Brief: Within the listing below, the lines to output run from the one containing "X140107281Y-102617809D01*" through the one containing "X139683436Y-101313337D01*"; copy them exactly and nothing else.

------------

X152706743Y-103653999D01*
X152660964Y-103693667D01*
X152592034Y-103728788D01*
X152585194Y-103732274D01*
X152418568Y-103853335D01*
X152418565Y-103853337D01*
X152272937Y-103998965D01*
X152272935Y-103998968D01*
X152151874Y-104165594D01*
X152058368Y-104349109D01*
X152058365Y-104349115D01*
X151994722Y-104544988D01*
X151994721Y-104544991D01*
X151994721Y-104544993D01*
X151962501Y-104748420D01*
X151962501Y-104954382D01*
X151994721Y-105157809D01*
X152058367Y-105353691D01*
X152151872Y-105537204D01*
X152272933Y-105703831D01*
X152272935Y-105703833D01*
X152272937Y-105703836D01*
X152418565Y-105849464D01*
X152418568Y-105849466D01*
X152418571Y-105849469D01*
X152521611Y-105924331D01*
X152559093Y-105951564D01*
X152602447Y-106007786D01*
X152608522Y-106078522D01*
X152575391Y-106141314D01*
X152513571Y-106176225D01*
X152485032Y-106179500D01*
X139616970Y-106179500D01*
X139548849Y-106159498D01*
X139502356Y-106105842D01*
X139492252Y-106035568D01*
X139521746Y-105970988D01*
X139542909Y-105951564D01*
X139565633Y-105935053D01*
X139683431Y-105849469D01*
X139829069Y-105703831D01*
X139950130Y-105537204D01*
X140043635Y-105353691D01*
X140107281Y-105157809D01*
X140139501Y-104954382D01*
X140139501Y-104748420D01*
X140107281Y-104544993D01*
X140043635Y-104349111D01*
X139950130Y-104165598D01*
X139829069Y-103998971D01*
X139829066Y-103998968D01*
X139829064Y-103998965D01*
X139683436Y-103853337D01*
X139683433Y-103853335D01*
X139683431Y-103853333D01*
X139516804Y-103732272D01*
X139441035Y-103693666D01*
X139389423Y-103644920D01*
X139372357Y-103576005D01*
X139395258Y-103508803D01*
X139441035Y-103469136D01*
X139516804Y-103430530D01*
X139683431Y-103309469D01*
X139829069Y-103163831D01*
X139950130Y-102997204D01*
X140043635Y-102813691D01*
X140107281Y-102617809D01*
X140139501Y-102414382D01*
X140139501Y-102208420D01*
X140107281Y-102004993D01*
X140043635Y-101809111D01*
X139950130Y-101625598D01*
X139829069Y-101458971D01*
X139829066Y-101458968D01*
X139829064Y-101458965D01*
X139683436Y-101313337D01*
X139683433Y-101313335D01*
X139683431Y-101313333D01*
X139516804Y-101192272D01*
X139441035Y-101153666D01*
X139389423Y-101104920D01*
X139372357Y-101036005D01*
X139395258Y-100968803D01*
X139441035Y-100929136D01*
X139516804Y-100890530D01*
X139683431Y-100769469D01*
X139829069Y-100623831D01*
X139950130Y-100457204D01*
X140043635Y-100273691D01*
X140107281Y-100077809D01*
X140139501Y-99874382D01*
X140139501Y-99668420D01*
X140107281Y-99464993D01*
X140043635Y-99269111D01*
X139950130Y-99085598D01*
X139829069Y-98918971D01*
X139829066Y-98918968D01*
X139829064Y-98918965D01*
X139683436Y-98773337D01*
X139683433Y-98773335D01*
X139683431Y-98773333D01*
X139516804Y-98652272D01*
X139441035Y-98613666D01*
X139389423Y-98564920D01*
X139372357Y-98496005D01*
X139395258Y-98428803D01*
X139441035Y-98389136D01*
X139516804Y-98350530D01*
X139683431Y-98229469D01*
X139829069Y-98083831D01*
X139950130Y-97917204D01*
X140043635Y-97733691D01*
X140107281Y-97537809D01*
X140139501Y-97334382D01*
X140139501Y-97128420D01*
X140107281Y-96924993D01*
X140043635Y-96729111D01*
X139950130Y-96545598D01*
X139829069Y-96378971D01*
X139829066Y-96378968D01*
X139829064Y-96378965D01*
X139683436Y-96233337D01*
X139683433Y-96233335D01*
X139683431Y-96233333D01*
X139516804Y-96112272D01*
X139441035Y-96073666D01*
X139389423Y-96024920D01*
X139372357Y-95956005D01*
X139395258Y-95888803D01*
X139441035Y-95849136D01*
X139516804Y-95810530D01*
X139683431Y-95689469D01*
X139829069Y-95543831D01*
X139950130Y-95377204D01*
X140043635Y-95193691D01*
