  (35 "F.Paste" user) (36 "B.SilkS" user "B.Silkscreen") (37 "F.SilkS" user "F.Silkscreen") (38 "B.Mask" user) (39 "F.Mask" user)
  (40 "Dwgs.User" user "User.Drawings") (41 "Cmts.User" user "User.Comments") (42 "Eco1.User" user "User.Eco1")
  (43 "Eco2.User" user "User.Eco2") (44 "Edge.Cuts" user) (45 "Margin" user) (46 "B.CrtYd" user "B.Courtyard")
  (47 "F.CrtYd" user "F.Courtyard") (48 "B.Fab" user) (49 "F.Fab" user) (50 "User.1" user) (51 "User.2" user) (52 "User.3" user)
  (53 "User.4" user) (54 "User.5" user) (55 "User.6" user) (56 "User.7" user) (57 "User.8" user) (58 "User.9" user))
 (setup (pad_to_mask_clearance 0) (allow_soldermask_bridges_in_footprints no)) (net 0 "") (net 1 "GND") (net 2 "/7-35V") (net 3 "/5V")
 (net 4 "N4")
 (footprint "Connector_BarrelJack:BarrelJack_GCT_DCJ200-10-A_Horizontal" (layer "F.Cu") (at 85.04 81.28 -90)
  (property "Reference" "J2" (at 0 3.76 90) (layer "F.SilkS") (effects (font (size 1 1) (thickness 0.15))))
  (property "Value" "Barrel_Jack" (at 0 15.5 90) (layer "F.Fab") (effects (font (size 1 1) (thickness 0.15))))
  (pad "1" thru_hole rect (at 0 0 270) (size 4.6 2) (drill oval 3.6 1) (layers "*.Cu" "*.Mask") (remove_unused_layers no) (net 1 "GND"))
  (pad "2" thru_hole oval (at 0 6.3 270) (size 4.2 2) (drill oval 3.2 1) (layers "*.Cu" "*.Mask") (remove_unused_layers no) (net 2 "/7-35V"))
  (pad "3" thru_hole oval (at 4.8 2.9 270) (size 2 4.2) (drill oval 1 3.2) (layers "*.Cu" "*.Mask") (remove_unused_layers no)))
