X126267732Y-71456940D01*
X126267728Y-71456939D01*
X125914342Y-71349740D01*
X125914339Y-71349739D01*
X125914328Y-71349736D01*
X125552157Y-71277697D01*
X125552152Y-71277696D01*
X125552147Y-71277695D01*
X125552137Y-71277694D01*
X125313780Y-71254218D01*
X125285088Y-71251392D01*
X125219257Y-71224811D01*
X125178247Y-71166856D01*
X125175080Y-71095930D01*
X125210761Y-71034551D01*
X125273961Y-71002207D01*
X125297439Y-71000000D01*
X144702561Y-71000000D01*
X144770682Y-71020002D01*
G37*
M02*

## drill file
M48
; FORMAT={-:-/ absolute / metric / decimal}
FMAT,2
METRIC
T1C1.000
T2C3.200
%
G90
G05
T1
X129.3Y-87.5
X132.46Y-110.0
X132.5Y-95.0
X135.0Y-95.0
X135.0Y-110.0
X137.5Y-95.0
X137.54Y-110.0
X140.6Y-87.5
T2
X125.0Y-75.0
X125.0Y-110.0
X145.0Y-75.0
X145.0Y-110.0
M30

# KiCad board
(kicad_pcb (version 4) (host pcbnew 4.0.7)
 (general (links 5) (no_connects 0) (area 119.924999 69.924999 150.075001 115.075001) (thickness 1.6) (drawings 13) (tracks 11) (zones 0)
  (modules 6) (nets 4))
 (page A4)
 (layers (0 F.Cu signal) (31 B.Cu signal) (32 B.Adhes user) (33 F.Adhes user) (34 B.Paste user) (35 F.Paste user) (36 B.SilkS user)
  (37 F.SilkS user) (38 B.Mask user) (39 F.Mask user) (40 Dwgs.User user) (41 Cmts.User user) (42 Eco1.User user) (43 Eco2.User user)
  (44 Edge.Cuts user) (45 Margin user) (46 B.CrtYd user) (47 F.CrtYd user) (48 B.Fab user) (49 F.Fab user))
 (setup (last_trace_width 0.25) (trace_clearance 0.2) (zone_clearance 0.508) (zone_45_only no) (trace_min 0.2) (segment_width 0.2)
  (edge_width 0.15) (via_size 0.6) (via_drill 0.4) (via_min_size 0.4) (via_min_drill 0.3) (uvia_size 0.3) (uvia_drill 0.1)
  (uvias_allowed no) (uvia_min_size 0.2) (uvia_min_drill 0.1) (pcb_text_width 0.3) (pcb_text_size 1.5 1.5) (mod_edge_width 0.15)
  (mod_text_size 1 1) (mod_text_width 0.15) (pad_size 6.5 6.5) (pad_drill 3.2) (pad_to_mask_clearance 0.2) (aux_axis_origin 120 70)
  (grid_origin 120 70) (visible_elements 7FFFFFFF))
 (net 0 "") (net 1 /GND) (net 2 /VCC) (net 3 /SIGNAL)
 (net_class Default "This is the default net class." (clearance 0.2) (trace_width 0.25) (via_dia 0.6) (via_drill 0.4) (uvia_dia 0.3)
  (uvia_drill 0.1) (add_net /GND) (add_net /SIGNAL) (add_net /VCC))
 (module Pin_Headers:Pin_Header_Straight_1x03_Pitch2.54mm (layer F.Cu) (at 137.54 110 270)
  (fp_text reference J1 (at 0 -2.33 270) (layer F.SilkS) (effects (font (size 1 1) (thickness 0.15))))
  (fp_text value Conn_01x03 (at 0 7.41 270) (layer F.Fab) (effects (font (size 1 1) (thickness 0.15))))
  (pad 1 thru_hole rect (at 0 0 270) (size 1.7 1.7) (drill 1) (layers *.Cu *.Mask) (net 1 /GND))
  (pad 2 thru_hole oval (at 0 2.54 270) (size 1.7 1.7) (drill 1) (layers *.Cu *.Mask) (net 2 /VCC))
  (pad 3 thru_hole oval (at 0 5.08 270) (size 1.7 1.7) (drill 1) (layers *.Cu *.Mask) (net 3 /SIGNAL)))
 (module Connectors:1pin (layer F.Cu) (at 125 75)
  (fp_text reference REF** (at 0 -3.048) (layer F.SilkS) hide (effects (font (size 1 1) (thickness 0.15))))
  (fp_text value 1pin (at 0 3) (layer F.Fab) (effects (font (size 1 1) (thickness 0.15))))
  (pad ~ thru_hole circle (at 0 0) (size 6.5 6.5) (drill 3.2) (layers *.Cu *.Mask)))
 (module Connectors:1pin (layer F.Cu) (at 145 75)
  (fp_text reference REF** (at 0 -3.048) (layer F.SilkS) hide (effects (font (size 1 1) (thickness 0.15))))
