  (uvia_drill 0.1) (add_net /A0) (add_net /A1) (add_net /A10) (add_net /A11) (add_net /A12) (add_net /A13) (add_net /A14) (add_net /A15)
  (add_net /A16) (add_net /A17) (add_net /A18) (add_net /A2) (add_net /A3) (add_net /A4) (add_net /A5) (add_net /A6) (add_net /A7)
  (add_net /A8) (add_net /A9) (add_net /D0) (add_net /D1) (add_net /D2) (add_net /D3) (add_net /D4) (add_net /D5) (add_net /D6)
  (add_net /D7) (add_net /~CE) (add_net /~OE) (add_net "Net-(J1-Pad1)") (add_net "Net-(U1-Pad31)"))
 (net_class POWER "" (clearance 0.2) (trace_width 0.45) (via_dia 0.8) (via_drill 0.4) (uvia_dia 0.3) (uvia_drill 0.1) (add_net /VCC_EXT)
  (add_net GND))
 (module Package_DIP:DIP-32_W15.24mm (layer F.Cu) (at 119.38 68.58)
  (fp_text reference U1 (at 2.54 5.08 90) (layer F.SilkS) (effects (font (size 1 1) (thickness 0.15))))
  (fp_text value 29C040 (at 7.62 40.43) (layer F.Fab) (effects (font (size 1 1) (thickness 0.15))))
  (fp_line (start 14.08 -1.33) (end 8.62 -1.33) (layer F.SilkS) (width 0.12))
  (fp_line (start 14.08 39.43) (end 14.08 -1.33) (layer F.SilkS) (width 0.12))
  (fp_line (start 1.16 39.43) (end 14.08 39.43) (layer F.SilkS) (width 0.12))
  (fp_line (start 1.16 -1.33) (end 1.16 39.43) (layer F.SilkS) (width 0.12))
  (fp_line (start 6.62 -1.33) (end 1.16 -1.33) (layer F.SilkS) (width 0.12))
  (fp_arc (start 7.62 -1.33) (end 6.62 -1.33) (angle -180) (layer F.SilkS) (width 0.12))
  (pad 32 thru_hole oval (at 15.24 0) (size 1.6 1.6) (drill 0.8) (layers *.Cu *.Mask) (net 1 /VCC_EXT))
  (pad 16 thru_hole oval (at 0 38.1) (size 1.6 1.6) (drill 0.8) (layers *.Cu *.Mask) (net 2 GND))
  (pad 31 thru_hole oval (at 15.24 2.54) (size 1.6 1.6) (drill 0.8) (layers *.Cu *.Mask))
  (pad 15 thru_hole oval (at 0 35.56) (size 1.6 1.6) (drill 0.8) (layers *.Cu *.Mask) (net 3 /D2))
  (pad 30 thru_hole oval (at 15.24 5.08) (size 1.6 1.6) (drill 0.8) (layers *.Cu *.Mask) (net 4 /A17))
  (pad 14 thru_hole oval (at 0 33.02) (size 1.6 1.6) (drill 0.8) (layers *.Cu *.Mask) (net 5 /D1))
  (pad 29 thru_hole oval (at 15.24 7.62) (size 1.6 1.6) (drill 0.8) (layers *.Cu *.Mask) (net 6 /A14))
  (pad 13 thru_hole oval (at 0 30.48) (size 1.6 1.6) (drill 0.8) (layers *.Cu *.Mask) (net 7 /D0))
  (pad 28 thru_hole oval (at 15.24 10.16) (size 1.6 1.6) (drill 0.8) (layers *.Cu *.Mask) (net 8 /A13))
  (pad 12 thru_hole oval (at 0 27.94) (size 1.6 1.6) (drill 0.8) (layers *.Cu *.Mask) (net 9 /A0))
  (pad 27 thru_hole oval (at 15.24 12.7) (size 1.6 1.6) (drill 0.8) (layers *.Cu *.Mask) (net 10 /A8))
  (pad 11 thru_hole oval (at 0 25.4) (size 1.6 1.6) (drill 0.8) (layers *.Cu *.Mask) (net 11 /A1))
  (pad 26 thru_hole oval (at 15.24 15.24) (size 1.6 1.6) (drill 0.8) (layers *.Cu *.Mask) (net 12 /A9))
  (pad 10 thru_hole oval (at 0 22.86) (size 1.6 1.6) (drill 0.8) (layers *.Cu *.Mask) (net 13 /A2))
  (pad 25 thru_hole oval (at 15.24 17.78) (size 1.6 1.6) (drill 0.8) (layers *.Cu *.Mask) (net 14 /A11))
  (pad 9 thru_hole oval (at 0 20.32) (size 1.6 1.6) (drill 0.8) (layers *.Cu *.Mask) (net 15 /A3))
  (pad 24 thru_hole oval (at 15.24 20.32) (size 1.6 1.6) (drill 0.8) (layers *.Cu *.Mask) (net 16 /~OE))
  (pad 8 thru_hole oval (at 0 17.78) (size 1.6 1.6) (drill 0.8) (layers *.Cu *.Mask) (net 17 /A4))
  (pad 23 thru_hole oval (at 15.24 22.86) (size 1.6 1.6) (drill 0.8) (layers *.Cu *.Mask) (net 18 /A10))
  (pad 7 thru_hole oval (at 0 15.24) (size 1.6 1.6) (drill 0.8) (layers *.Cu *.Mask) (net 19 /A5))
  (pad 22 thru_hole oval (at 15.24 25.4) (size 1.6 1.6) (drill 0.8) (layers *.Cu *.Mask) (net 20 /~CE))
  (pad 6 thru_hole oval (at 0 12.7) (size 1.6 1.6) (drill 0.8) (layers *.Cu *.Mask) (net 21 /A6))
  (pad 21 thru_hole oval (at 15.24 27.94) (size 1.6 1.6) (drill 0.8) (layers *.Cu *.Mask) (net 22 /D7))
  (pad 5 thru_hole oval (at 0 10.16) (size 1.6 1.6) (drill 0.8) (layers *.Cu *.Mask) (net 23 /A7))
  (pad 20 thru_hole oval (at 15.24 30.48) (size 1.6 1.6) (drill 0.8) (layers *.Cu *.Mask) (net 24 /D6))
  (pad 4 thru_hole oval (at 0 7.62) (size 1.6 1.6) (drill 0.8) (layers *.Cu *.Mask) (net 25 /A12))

------------

Solution:
X140107281Y-102617809D01*
X140139501Y-102414382D01*
X140139501Y-102208420D01*
X140107281Y-102004993D01*
X140043635Y-101809111D01*
X139950130Y-101625598D01*
X139829069Y-101458971D01*
X139829066Y-101458968D01*
X139829064Y-101458965D01*
X139683436Y-101313337D01*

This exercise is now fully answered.